[Saved entries]
* * * * *
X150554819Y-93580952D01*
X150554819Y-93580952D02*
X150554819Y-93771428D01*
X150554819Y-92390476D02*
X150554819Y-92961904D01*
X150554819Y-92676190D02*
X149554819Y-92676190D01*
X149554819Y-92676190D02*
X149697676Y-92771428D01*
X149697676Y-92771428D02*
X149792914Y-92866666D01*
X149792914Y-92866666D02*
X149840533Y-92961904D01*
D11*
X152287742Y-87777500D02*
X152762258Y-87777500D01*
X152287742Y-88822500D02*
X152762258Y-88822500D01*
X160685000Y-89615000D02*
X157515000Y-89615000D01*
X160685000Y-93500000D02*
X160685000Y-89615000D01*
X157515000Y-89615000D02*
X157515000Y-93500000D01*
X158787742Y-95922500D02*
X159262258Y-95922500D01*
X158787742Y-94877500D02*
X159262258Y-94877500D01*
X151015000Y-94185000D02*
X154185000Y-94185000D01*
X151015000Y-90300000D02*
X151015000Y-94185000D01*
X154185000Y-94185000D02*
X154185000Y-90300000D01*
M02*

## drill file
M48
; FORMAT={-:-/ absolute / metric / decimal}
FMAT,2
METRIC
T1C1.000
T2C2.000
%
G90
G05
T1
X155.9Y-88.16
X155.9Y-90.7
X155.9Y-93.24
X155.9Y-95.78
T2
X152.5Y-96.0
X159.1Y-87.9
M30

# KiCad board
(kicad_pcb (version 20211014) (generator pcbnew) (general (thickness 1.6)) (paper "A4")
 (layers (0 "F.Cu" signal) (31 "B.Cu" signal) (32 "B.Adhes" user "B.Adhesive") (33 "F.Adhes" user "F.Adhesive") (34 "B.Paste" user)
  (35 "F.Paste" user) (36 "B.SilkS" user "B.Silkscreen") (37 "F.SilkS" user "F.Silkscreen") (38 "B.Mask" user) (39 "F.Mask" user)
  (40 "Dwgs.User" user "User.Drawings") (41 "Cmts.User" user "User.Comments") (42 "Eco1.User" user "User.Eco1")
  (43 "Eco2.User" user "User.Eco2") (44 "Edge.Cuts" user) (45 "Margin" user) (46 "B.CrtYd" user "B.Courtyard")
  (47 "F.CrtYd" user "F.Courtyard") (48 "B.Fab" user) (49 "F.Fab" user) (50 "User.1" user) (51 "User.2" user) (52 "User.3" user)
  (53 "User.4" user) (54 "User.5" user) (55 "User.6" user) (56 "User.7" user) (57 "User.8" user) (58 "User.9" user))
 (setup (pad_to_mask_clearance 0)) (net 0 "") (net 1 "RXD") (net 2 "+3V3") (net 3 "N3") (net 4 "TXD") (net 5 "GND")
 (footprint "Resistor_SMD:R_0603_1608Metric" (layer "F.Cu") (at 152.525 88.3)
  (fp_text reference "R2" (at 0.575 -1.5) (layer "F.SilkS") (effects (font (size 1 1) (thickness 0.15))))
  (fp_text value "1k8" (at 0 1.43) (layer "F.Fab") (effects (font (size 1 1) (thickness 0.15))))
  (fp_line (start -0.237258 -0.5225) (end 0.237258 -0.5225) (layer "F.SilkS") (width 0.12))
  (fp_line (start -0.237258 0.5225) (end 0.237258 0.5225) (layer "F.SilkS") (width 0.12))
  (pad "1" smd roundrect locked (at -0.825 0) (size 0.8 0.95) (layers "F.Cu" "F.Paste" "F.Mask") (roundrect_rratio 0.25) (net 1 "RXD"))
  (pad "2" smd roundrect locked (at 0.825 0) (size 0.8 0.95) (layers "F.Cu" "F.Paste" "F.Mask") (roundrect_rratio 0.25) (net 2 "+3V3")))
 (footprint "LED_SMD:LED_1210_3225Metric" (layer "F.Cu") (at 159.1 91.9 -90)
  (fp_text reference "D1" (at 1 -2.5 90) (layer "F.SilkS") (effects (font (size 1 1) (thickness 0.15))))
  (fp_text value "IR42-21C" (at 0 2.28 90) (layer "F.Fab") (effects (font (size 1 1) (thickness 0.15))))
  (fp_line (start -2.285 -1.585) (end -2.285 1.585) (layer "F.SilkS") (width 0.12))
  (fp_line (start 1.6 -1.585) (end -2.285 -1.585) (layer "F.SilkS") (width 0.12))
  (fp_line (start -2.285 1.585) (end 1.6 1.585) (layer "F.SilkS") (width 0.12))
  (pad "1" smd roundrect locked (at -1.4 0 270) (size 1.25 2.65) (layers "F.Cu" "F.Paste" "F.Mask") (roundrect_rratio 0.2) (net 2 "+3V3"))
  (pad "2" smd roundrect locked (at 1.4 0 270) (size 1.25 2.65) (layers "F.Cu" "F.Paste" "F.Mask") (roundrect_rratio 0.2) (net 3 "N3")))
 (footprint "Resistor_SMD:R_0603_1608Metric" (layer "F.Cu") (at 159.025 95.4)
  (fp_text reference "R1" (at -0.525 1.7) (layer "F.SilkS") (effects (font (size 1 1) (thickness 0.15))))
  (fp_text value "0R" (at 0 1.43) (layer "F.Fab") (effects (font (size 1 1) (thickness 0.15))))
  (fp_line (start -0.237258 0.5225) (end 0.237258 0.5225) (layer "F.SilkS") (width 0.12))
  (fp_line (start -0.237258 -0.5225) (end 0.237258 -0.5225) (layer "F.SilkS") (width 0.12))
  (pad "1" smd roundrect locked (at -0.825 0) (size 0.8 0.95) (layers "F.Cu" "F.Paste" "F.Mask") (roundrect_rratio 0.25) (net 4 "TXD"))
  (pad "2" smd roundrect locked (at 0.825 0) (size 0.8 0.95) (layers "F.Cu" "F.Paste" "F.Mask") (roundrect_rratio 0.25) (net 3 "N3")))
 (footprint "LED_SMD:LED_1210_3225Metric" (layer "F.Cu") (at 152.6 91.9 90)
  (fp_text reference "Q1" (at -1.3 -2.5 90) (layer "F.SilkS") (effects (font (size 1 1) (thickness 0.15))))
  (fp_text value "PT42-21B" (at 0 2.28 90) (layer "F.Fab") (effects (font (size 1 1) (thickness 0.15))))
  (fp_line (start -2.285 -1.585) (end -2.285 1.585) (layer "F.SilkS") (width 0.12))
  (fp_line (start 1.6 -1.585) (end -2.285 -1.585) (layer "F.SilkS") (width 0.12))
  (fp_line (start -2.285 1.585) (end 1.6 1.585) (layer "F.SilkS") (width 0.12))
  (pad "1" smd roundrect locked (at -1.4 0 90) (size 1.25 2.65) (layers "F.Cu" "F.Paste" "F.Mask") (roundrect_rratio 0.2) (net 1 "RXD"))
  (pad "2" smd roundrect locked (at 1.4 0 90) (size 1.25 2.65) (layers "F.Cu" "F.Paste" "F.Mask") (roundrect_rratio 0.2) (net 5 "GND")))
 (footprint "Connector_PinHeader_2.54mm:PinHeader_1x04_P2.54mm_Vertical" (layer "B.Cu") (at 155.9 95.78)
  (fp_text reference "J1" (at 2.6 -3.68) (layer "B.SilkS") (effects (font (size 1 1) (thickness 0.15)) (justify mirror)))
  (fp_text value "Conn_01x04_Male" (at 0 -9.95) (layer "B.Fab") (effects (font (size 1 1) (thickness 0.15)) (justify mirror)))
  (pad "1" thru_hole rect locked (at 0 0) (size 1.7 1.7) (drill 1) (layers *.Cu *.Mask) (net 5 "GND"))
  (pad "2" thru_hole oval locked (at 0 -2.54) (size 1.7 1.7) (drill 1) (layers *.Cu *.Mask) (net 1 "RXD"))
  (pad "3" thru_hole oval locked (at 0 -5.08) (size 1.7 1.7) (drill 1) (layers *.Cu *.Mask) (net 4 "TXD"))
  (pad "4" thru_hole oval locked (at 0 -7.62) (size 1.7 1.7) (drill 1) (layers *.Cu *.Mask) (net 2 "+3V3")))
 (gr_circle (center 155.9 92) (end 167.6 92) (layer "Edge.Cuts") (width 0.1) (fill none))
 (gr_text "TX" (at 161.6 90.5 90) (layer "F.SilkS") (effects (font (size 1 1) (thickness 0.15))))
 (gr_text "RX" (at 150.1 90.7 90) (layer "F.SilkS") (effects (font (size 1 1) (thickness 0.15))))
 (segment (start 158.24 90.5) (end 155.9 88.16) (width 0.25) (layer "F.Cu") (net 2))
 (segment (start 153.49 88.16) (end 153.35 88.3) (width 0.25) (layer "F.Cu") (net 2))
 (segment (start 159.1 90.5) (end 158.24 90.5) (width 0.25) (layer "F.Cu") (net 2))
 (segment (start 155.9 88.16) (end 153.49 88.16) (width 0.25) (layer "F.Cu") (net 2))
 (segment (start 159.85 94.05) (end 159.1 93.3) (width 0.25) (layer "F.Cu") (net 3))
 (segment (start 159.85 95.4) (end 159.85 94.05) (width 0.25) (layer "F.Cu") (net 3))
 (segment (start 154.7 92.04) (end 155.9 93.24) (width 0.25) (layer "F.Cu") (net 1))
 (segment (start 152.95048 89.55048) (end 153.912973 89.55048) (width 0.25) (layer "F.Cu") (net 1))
* * * * *
■ **Exercise prompt**
Starting at the line with "(segment (start 159.85 95.4)", copy every line down to the last one above, exactly as written and with nothing else.

■ **Exercise response**
 (segment (start 159.85 95.4) (end 159.85 94.05) (width 0.25) (layer "F.Cu") (net 3))
 (segment (start 154.7 92.04) (end 155.9 93.24) (width 0.25) (layer "F.Cu") (net 1))
 (segment (start 152.95048 89.55048) (end 153.912973 89.55048) (width 0.25) (layer "F.Cu") (net 1))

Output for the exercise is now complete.